Hoel Erik
Allen Discovery Center, Tufts University, Medford, MA, USA.
Patterns (N Y). 2021 May 14;2(5):100244. doi: 10.1016/j.patter.2021.100244.
Understanding of the evolved biological function of sleep has advanced considerably in the past decade. However, no equivalent understanding of dreams has emerged. Contemporary neuroscientific theories often view dreams as epiphenomena, and many of the proposals for their biological function are contradicted by the phenomenology of dreams themselves. Now, the recent advent of deep neural networks (DNNs) has finally provided the novel conceptual framework within which to understand the evolved function of dreams. Notably, all DNNs face the issue of overfitting as they learn, which is when performance on one dataset increases but the network's performance fails to generalize (often measured by the divergence of performance on training versus testing datasets). This ubiquitous problem in DNNs is often solved by modelers via "noise injections" in the form of noisy or corrupted inputs. The goal of this paper is to argue that the brain faces a similar challenge of overfitting and that nightly dreams evolved to combat the brain's overfitting during its daily learning. That is, dreams are a biological mechanism for increasing generalizability via the creation of corrupted sensory inputs from stochastic activity across the hierarchy of neural structures. Sleep loss, specifically dream loss, leads to an overfitted brain that can still memorize and learn but fails to generalize appropriately. Herein this "overfitted brain hypothesis" is explicitly developed and then compared and contrasted with existing contemporary neuroscientific theories of dreams. Existing evidence for the hypothesis is surveyed within both neuroscience and deep learning, and a set of testable predictions is put forward that can be pursued both and .

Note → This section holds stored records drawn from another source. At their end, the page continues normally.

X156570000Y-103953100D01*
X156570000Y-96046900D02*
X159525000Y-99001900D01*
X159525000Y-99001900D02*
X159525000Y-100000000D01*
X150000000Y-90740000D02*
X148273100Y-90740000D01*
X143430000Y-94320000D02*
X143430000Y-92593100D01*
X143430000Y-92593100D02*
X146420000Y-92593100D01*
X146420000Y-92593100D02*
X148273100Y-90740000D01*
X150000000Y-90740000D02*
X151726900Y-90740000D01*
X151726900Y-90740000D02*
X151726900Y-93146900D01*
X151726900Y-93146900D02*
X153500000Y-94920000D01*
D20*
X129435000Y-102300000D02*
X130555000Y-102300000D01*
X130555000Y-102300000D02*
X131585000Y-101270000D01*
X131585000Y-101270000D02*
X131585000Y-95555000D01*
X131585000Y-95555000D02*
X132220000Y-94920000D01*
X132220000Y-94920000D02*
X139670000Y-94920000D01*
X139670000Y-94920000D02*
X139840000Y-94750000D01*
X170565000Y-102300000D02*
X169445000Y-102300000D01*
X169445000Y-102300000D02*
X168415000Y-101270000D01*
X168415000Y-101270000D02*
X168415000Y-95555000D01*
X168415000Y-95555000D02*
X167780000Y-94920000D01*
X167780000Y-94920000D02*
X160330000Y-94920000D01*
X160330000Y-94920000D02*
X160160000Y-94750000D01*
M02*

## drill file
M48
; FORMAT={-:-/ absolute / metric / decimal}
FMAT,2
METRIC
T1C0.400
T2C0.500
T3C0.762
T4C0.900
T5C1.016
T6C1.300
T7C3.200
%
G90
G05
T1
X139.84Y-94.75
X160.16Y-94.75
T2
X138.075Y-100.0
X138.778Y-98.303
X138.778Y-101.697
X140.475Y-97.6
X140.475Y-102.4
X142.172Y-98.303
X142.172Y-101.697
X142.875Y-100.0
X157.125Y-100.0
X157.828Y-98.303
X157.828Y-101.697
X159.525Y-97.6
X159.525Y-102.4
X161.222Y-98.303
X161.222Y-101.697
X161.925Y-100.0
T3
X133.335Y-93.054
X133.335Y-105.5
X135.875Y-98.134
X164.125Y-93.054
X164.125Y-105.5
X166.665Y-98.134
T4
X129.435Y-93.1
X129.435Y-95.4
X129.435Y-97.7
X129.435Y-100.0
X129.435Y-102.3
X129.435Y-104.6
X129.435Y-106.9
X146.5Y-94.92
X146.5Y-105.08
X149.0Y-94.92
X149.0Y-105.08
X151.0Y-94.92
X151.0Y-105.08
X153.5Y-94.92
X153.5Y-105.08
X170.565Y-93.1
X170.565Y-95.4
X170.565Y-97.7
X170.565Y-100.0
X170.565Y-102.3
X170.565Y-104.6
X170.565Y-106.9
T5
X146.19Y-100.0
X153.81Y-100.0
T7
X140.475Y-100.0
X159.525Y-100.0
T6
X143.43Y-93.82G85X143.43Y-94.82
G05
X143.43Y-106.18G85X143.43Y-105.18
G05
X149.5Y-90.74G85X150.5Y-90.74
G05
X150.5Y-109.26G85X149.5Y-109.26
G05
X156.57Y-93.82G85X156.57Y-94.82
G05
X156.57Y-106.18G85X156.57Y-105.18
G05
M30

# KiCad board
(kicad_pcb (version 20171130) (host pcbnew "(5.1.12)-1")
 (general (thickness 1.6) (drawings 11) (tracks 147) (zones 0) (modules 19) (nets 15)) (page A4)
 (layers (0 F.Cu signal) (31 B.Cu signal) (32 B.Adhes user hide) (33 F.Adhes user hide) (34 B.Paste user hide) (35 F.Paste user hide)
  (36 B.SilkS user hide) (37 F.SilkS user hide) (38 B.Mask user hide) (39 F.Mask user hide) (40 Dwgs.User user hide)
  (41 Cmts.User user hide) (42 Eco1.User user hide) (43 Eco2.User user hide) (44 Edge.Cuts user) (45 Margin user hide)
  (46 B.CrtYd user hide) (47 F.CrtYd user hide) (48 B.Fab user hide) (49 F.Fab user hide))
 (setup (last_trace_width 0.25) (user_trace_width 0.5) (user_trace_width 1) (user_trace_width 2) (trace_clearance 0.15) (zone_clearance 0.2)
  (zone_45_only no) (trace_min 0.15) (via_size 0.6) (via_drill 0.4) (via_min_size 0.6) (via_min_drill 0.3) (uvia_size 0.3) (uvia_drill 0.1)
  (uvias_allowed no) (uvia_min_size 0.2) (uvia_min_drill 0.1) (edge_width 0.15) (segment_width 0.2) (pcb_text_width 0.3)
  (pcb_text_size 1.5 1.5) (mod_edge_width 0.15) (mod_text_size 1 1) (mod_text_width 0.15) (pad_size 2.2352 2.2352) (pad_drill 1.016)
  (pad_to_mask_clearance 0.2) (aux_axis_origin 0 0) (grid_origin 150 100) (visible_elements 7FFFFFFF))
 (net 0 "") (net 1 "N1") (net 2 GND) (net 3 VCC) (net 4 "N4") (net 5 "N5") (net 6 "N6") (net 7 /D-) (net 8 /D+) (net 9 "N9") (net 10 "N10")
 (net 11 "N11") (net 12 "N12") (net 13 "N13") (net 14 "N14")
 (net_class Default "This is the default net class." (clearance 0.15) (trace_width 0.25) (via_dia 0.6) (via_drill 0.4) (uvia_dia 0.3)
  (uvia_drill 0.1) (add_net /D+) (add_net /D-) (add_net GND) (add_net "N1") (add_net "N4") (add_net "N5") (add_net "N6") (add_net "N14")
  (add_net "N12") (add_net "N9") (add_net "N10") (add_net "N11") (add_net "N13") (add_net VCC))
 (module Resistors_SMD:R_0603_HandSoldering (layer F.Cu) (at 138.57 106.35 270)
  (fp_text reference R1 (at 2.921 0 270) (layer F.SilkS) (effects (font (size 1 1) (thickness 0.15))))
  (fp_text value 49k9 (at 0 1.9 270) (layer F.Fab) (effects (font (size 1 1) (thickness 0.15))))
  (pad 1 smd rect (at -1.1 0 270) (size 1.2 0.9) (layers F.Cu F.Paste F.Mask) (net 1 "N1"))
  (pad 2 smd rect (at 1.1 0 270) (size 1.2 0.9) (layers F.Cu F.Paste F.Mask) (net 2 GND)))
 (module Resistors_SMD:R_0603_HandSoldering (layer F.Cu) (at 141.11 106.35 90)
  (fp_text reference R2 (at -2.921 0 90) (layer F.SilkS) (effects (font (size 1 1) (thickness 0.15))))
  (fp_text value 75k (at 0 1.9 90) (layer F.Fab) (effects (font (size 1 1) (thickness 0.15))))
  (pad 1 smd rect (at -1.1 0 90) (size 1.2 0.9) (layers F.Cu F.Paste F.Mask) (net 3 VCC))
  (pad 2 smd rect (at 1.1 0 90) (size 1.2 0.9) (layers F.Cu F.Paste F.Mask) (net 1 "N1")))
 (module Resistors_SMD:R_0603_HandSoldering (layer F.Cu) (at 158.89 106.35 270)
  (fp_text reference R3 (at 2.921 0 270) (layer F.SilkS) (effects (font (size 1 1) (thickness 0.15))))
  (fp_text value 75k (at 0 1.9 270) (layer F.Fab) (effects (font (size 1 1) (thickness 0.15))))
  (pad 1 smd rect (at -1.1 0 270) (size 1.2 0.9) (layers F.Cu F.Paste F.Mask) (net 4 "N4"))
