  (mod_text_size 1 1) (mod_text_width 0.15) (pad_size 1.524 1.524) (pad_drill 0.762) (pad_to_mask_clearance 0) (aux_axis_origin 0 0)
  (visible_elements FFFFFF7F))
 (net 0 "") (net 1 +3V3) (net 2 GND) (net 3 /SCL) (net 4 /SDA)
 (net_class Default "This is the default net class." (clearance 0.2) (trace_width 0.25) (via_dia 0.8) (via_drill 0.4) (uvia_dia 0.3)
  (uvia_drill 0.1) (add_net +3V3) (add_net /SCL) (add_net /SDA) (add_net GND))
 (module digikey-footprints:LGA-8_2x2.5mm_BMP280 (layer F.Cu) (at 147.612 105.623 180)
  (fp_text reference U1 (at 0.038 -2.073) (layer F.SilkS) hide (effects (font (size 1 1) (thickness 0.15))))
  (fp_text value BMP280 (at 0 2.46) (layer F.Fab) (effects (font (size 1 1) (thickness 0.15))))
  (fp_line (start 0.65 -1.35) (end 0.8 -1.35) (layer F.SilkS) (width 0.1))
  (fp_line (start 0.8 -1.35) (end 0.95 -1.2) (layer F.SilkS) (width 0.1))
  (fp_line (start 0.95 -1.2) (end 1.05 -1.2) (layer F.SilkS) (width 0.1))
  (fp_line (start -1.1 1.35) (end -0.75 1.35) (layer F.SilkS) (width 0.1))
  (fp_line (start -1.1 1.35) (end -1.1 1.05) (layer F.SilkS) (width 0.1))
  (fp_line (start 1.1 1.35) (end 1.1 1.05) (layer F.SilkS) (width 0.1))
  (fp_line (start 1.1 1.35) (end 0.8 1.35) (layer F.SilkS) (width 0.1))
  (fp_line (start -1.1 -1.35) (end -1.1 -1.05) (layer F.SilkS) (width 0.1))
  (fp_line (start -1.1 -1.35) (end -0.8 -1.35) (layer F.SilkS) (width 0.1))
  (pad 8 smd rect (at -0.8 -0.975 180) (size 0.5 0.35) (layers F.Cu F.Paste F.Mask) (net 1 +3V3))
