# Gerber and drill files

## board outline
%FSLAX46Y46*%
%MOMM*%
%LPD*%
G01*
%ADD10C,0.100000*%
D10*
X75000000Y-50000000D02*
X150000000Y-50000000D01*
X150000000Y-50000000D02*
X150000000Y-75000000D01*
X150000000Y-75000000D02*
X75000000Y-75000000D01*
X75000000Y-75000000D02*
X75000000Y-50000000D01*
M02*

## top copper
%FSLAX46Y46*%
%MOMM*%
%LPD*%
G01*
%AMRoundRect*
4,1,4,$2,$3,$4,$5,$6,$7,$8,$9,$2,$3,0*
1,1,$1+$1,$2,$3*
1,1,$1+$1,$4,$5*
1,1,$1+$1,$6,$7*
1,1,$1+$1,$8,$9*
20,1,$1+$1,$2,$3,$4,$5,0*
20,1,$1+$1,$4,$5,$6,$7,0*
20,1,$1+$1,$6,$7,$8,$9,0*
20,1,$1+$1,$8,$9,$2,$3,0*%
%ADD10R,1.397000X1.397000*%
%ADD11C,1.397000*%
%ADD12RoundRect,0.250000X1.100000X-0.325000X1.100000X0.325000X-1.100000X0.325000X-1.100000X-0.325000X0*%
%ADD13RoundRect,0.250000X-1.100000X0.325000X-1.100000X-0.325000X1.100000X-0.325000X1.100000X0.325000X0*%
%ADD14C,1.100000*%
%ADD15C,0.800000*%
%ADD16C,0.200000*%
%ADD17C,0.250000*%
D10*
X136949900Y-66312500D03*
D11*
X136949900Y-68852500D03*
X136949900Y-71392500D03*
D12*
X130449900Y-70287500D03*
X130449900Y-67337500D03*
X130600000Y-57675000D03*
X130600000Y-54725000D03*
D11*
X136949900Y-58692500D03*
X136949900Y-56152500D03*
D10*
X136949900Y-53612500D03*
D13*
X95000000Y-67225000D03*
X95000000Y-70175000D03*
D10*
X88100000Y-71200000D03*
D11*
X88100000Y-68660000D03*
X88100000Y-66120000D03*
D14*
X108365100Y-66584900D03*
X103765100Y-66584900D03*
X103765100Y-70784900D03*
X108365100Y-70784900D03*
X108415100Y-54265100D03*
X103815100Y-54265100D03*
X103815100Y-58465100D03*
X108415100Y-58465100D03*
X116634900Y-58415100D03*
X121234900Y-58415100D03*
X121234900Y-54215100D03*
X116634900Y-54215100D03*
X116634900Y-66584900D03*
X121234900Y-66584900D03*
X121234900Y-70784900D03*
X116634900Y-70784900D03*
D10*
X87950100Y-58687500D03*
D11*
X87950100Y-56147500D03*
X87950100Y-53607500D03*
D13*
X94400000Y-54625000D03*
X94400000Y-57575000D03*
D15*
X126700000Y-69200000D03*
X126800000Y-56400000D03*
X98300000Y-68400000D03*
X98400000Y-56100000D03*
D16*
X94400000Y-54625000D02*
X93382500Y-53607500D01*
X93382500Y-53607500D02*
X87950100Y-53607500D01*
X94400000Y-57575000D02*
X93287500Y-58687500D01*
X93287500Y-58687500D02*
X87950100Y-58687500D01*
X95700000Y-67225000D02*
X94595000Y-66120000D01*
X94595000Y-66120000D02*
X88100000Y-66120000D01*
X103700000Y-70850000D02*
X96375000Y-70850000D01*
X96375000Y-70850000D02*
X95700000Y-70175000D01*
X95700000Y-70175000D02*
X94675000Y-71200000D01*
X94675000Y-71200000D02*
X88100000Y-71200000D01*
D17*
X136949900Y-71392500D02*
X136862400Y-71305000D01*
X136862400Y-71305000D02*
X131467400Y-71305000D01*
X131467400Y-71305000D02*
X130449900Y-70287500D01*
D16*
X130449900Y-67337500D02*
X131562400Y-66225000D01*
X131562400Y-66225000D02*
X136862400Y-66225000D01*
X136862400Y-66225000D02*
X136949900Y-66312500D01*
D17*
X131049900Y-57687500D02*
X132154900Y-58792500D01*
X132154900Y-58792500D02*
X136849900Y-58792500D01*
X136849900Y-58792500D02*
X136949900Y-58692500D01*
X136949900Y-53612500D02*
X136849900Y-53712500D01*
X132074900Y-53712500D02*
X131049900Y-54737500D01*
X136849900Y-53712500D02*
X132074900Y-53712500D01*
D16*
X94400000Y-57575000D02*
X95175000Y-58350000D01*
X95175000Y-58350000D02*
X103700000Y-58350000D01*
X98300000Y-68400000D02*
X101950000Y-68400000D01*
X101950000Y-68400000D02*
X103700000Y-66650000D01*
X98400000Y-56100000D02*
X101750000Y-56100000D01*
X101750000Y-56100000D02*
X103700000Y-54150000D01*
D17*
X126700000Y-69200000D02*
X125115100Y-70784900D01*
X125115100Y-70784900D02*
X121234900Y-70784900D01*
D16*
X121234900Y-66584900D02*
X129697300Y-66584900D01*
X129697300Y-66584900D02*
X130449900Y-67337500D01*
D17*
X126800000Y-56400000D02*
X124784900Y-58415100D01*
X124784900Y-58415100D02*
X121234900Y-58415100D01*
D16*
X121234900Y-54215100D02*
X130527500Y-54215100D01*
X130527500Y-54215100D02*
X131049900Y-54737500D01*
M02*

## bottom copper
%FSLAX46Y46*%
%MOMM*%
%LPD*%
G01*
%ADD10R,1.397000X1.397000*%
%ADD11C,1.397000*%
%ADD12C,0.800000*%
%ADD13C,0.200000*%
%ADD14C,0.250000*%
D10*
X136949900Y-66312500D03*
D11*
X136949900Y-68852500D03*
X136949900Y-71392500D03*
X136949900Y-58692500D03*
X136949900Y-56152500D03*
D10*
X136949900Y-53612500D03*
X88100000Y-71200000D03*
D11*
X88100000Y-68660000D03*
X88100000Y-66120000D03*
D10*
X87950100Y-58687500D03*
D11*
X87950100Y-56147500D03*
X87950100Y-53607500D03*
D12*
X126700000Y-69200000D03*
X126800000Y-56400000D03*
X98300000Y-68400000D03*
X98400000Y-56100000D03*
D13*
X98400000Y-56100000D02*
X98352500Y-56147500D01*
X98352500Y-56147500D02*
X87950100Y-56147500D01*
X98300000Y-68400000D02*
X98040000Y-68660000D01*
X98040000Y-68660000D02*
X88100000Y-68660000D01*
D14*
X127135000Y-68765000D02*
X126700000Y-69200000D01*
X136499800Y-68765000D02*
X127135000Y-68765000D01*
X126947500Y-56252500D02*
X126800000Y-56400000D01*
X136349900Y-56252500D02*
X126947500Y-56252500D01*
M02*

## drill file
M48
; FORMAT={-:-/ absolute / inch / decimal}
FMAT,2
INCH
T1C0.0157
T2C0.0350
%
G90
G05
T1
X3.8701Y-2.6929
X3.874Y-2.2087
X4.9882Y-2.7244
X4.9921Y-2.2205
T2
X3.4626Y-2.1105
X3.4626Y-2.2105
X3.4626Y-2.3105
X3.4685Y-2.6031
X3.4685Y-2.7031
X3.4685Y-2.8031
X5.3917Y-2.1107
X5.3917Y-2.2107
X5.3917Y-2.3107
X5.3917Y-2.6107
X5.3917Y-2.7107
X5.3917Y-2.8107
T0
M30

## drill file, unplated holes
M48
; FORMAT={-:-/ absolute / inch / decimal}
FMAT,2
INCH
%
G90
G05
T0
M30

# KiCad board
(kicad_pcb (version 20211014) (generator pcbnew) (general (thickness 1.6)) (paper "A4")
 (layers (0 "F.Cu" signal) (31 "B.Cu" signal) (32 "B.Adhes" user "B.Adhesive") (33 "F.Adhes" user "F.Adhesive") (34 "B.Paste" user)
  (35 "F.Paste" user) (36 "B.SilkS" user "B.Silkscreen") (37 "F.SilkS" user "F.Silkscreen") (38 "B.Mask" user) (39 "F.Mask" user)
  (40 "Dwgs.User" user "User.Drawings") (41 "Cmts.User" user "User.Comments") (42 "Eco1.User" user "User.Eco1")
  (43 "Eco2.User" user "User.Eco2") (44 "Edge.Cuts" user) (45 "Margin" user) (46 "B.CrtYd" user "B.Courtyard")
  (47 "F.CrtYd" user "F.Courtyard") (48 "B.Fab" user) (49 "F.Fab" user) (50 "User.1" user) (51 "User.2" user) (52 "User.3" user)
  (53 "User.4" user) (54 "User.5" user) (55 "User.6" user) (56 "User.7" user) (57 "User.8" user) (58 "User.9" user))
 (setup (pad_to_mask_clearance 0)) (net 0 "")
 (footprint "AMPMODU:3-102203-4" (layer "F.Cu") (at 87.9501 58.6875 90)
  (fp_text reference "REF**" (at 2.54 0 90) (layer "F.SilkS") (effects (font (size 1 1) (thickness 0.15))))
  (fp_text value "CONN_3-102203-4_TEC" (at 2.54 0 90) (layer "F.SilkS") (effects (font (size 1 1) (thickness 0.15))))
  (pad "1" thru_hole rect locked (at 0 0 90) (size 1.397 1.397) (drill 0.889) (layers *.Cu *.Mask))
  (pad "2" thru_hole circle locked (at 2.54 0 90) (size 1.397 1.397) (drill 0.889) (layers *.Cu *.Mask))
  (pad "3" thru_hole circle locked (at 5.08 0 90) (size 1.397 1.397) (drill 0.889) (layers *.Cu *.Mask)))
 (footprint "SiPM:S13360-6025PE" (layer "F.Cu") (at 106.3151 68.6849)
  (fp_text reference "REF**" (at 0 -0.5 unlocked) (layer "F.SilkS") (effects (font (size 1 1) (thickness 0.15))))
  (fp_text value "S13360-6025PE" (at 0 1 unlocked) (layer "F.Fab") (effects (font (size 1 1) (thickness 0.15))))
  (pad "1" smd circle (at 2.05 -2.1) (size 1.1 1.1) (layers "F.Cu" "F.Paste" "F.Mask"))
  (pad "2" smd circle (at -2.55 -2.1) (size 1.1 1.1) (layers "F.Cu" "F.Paste" "F.Mask"))
  (pad "3" smd circle (at -2.55 2.1) (size 1.1 1.1) (layers "F.Cu" "F.Paste" "F.Mask"))
  (pad "4" smd circle (at 2.05 2.1) (size 1.1 1.1) (layers "F.Cu" "F.Paste" "F.Mask")))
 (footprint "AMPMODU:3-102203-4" (layer "F.Cu") (at 136.9499 53.6125 -90)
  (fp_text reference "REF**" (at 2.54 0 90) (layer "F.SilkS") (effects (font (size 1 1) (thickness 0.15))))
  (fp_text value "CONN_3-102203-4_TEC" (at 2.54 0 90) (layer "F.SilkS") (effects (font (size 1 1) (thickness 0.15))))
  (pad "1" thru_hole rect locked (at 0 0 270) (size 1.397 1.397) (drill 0.889) (layers *.Cu *.Mask))
  (pad "2" thru_hole circle locked (at 2.54 0 270) (size 1.397 1.397) (drill 0.889) (layers *.Cu *.Mask))
  (pad "3" thru_hole circle locked (at 5.08 0 270) (size 1.397 1.397) (drill 0.889) (layers *.Cu *.Mask)))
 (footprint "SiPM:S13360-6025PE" (layer "F.Cu") (at 106.3651 56.3651)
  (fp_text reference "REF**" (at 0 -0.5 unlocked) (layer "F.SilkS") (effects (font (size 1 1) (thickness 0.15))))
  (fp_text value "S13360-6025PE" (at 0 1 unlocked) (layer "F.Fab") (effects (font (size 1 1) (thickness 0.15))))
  (pad "1" smd circle (at 2.05 -2.1) (size 1.1 1.1) (layers "F.Cu" "F.Paste" "F.Mask"))
  (pad "2" smd circle (at -2.55 -2.1) (size 1.1 1.1) (layers "F.Cu" "F.Paste" "F.Mask"))
  (pad "3" smd circle (at -2.55 2.1) (size 1.1 1.1) (layers "F.Cu" "F.Paste" "F.Mask"))
  (pad "4" smd circle (at 2.05 2.1) (size 1.1 1.1) (layers "F.Cu" "F.Paste" "F.Mask")))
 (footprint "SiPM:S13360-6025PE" (layer "F.Cu") (at 118.6849 56.3151 180)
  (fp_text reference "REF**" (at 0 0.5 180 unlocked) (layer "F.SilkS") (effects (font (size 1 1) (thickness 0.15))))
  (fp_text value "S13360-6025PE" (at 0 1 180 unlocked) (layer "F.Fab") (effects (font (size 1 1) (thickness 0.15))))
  (pad "1" smd circle (at 2.05 -2.1 180) (size 1.1 1.1) (layers "F.Cu" "F.Paste" "F.Mask"))
  (pad "2" smd circle (at -2.55 -2.1 180) (size 1.1 1.1) (layers "F.Cu" "F.Paste" "F.Mask"))
  (pad "3" smd circle (at -2.55 2.1 180) (size 1.1 1.1) (layers "F.Cu" "F.Paste" "F.Mask"))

在过去十年中,人们对睡眠进化后的生物学功能的理解有了显著进展。然而,对于梦却没有出现类似的理解。当代神经科学理论常常将梦视为副现象,而且许多关于梦的生物学功能的提议都与梦本身的现象学相矛盾。如今,深度神经网络(DNN)的最新出现终于提供了一个新颖的概念框架,用以理解梦的进化功能。值得注意的是,所有深度神经网络在学习时都面临过拟合问题,即当一个数据集上的性能提高,但网络的性能却无法泛化(通常通过训练数据集与测试数据集上性能的差异来衡量)。深度神经网络中这个普遍存在的问题,建模者通常通过以有噪声或损坏的输入形式进行“噪声注入”来解决。本文的目的是论证大脑面临类似的过拟合挑战,并且夜间的梦进化而来是为了在大脑日常学习过程中对抗过拟合。也就是说,梦是一种生物学机制,通过从神经结构层次中的随机活动创建损坏的感官输入来提高泛化能力。睡眠不足,特别是梦的缺失,会导致大脑过度拟合,使其仍能记忆和学习,但无法适当地泛化。在此,“过度拟合大脑假说”被明确提出,然后与现有的当代梦的神经科学理论进行比较和对比。在神经科学和深度学习领域都对该假说的现有证据进行了审视,并提出了一组可测试的预测,这些预测既可以在神经科学领域进行探索,也可以在深度学习领域进行探索。